1. Load credentials from a local .env file
    * The `.env` file contains your MySQL login details like `MYSQL_USERNAME`, `MYSQL_PASSWORD`.
    * These are read using `os.getenv()` function.

2. MySQL-PyDough `connect_database()` parameters:
    * `user`(required): Username for MySQL connection.
    * `password` (required): Password used for MySQL connection.
    * `database` (required): Name of the MySQL database.
    * `host` (optional): IP to access MySQL server. Default is "localhost" or "127.0.0.1".
    * `port` (optional): Port number used to access MySQL server. Default is 3306.
    * `connection_timeout` (optional): Timeout used for MySQL connection. Default is 3 seconds.
    * `attempts` (optional): Number of times the connections is attempted. Default is 1.
    * `delay` (optional): Number of seconds to wait before another connection attempt. Default is 2.

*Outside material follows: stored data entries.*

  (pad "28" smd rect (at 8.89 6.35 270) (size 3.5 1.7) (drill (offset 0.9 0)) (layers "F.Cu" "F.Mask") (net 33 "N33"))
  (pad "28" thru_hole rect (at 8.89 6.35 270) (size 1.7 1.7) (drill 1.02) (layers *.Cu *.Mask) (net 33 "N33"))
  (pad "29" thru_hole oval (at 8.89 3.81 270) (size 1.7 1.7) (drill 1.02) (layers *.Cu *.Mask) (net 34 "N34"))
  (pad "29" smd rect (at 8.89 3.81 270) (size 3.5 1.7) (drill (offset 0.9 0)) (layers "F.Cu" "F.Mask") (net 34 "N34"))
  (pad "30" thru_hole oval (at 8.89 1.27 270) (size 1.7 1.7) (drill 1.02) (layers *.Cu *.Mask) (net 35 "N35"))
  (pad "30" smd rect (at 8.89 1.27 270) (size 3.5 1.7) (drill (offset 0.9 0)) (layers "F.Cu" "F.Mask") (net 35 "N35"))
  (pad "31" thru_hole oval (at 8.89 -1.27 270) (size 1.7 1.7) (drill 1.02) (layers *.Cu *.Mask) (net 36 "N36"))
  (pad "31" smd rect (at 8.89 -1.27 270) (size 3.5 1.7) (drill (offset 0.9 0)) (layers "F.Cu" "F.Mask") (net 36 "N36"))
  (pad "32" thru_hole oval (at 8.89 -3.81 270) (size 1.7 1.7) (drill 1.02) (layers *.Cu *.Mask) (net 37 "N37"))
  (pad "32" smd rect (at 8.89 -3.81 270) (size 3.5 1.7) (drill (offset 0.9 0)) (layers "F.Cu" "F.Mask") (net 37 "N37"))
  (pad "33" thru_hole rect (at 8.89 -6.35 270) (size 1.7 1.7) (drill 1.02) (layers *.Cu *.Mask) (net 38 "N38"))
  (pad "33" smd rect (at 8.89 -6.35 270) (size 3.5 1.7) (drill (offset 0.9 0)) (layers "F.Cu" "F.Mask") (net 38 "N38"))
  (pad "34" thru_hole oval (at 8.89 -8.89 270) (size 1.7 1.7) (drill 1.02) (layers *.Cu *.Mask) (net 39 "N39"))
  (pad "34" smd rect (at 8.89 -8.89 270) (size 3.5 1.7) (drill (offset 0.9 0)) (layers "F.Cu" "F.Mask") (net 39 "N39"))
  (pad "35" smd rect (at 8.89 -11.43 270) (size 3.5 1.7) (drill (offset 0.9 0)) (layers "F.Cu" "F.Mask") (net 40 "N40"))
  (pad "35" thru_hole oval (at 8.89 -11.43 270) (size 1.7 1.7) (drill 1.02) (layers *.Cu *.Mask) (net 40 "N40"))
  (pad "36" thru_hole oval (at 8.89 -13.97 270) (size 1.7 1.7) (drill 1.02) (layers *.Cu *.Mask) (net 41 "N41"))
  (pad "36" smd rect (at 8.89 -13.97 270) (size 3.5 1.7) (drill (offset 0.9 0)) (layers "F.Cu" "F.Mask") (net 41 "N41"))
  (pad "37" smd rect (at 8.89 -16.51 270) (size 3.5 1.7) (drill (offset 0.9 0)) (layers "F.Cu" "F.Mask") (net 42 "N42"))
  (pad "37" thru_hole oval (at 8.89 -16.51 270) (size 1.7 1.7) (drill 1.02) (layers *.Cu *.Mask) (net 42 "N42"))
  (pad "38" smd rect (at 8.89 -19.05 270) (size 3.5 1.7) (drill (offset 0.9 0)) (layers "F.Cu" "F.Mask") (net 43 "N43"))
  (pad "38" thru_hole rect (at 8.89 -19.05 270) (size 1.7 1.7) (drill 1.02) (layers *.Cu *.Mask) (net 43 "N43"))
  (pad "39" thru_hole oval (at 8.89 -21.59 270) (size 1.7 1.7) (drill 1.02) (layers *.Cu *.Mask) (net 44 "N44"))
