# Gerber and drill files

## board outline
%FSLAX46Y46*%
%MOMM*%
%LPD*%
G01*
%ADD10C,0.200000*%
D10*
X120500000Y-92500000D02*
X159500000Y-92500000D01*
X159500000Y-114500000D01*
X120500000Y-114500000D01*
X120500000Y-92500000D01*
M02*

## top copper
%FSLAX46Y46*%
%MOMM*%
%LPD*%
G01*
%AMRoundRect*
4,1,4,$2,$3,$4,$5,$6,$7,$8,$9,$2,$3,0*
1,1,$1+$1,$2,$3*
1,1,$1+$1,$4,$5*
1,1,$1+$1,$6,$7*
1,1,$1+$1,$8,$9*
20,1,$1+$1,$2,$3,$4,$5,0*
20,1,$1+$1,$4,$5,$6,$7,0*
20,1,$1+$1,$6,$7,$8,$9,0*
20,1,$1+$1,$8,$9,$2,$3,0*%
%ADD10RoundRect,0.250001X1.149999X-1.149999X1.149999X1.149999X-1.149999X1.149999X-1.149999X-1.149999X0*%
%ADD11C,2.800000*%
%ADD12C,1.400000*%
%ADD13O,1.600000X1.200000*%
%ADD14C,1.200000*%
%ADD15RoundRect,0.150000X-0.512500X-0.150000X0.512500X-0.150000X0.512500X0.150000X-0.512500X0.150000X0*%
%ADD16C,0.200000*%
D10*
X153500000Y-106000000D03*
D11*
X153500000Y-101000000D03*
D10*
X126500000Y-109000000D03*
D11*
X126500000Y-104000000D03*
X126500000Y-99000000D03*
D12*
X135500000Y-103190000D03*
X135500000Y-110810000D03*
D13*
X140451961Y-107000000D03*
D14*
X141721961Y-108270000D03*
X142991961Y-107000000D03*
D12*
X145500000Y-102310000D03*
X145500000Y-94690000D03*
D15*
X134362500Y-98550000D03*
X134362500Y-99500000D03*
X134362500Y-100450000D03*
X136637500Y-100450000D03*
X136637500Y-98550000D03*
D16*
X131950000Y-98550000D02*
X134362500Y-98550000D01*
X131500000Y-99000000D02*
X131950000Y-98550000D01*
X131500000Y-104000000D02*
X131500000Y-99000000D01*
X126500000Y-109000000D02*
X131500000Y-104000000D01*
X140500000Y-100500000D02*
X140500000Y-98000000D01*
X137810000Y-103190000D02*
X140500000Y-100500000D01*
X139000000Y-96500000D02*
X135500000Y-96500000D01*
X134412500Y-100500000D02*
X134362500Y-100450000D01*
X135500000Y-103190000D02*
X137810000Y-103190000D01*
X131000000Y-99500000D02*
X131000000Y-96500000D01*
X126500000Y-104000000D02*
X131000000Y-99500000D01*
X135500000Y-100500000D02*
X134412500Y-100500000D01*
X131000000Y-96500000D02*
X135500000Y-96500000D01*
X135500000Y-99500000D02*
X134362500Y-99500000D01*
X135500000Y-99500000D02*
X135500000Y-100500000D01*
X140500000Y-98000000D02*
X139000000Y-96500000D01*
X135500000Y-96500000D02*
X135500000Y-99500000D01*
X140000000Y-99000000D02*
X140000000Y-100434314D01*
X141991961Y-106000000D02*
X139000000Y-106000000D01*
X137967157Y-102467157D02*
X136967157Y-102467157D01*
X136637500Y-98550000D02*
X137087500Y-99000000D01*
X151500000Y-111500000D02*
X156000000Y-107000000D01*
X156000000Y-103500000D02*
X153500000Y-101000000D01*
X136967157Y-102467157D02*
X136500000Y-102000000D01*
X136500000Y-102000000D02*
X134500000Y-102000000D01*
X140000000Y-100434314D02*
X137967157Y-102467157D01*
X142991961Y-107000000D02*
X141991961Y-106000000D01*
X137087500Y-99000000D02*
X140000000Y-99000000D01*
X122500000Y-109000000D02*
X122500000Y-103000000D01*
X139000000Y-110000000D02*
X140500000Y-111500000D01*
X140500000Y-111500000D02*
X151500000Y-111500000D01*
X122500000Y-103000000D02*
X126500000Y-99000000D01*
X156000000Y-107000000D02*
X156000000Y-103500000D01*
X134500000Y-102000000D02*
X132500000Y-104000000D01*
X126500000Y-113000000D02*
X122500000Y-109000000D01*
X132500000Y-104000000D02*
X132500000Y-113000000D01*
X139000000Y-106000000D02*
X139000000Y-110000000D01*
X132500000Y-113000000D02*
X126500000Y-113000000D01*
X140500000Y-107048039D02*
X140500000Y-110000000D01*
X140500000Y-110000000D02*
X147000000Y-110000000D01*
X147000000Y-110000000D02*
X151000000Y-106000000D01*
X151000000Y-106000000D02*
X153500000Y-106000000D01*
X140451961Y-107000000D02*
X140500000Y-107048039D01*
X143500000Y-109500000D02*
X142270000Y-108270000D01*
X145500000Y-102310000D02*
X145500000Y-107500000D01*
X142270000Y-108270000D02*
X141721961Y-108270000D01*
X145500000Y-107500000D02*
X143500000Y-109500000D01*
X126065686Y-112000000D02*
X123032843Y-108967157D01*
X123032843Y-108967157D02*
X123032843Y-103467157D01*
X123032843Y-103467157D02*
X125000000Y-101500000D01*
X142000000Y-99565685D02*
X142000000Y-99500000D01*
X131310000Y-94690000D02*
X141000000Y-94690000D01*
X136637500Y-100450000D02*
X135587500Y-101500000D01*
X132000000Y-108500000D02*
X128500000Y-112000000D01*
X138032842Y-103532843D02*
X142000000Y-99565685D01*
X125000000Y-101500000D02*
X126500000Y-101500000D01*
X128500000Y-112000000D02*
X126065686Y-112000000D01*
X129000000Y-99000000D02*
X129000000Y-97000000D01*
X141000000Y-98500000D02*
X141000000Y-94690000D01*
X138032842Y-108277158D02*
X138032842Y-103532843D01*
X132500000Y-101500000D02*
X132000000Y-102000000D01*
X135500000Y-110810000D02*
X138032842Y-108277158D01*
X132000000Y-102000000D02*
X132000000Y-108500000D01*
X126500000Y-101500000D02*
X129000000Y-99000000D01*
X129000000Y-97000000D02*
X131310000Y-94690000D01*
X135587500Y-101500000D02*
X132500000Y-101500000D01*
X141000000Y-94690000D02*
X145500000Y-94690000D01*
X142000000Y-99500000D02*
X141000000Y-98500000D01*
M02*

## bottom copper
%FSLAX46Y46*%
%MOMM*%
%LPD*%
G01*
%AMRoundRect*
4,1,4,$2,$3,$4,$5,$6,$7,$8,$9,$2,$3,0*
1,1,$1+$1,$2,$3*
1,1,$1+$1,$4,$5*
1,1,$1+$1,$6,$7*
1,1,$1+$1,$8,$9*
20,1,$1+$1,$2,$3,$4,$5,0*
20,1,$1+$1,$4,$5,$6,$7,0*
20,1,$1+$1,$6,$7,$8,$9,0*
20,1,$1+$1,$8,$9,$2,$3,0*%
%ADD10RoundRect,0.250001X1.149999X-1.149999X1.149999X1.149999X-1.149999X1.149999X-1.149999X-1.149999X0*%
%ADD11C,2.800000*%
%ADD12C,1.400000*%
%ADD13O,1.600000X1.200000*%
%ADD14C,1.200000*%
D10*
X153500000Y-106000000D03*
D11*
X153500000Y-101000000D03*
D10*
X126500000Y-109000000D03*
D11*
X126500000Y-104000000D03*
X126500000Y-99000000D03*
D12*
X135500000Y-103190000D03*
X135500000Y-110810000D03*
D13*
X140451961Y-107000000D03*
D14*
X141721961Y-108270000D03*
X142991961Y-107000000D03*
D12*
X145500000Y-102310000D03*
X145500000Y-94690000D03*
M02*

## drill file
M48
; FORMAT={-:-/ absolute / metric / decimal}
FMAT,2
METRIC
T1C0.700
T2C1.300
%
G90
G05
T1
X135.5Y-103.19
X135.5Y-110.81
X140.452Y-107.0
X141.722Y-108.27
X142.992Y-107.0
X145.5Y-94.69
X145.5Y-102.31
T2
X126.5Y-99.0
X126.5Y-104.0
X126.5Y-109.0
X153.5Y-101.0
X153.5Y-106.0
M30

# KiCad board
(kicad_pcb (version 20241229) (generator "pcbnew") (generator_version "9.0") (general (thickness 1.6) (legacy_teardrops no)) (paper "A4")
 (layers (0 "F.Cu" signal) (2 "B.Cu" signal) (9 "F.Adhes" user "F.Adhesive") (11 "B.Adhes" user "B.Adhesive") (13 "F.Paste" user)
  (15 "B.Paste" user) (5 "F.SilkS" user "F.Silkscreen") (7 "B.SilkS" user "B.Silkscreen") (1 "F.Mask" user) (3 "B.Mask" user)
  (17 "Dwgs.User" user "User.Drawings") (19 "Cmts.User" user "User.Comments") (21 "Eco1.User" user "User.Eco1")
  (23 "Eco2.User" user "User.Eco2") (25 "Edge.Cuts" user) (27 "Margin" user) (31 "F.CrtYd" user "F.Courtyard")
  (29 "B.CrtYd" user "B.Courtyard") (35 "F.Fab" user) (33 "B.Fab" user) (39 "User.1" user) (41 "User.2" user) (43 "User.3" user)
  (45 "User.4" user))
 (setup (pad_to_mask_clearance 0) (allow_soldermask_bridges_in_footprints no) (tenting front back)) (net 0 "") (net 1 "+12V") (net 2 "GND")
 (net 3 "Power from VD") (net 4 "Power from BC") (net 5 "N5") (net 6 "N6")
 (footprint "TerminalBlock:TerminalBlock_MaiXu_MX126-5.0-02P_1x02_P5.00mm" (layer "F.Cu") (at 153.5 106 90)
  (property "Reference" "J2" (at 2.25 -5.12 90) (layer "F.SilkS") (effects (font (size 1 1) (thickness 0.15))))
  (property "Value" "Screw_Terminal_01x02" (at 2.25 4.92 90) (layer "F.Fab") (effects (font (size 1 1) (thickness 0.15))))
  (pad "1" thru_hole roundrect (at 0 0 90) (size 2.8 2.8) (drill 1.3) (layers "*.Cu" "*.Mask") (remove_unused_layers no)
   (roundrect_rratio 0.089286) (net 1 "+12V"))
  (pad "2" thru_hole circle (at 5 0 90) (size 2.8 2.8) (drill 1.3) (layers "*.Cu" "*.Mask") (remove_unused_layers no) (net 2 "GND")))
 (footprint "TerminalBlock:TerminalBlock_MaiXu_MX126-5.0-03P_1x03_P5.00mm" (layer "F.Cu") (at 126.5 109 90)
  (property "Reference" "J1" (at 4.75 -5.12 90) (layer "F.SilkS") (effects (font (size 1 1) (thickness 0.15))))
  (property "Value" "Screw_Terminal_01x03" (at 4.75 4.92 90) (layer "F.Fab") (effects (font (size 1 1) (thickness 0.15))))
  (pad "1" thru_hole roundrect (at 0 0 90) (size 2.8 2.8) (drill 1.3) (layers "*.Cu" "*.Mask") (remove_unused_layers no)
   (roundrect_rratio 0.089286) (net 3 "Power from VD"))
  (pad "2" thru_hole circle (at 5 0 90) (size 2.8 2.8) (drill 1.3) (layers "*.Cu" "*.Mask") (remove_unused_layers no)
   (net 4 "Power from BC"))
  (pad "3" thru_hole circle (at 10 0 90) (size 2.8 2.8) (drill 1.3) (layers "*.Cu" "*.Mask") (remove_unused_layers no) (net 2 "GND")))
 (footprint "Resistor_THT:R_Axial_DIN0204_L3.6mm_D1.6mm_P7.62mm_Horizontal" (layer "F.Cu") (at 135.5 103.19 -90)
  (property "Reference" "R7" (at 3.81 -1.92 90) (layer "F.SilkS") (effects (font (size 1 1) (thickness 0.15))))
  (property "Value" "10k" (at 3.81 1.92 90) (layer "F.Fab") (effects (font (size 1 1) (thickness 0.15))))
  (pad "1" thru_hole circle (at 0 0 270) (size 1.4 1.4) (drill 0.7) (layers "*.Cu" "*.Mask") (remove_unused_layers no)
   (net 4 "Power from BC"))
  (pad "2" thru_hole circle (at 7.62 0 270) (size 1.4 1.4) (drill 0.7) (layers "*.Cu" "*.Mask") (remove_unused_layers no) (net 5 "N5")))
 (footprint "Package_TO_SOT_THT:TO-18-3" (layer "F.Cu") (at 140.451961 107)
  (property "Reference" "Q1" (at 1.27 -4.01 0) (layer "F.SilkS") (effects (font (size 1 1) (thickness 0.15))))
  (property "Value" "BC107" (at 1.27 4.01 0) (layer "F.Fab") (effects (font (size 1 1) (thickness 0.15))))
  (pad "1" thru_hole oval (at 0 0) (size 1.6 1.2) (drill 0.7) (layers "*.Cu" "*.Mask") (remove_unused_layers no) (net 1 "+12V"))
  (pad "2" thru_hole circle (at 1.27 1.27) (size 1.2 1.2) (drill 0.7) (layers "*.Cu" "*.Mask") (remove_unused_layers no) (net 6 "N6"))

3. Connect to MySQL using PyDough
    * `pydough.active_session.load_metadata_graph(...)` loads a metadata graph that maps your MySQL schema (used for query planning or optimizations).
    * `connect_database(...)` uses the loaded credentials to establish a live connection to your MySQL database.

Note: 
- Make sure the `.env` exists and contains all the required keys.
- Make sure the metadata graph path points to a valid JSON file that represents your schema


In [None]:
mysql_username = os.getenv("MYSQL_USERNAME")
mysql_password = os.getenv("MYSQL_PASSWORD")
mysql_tpch_db = "tpch"
mysql_host = "127.0.0.1"
connection_timeout = 2
attempts = 2      
delay = 5.0       

pydough.active_session.load_metadata_graph("../../tests/test_metadata/sample_graphs.json", "TPCH")
pydough.active_session.connect_database("mysql", 
        user=mysql_username,
        password=mysql_password,
        database=mysql_tpch_db,
        host=mysql_host,
        connection_timeout=connection_timeout,
        attempts=attempts,
        delay=delay
)

## Enabling PyDough's Jupyter Magic Commands

This line loads the `pydough.jupyter_extensions` module, which adds custom magic commands (like %%pydough) to the notebook.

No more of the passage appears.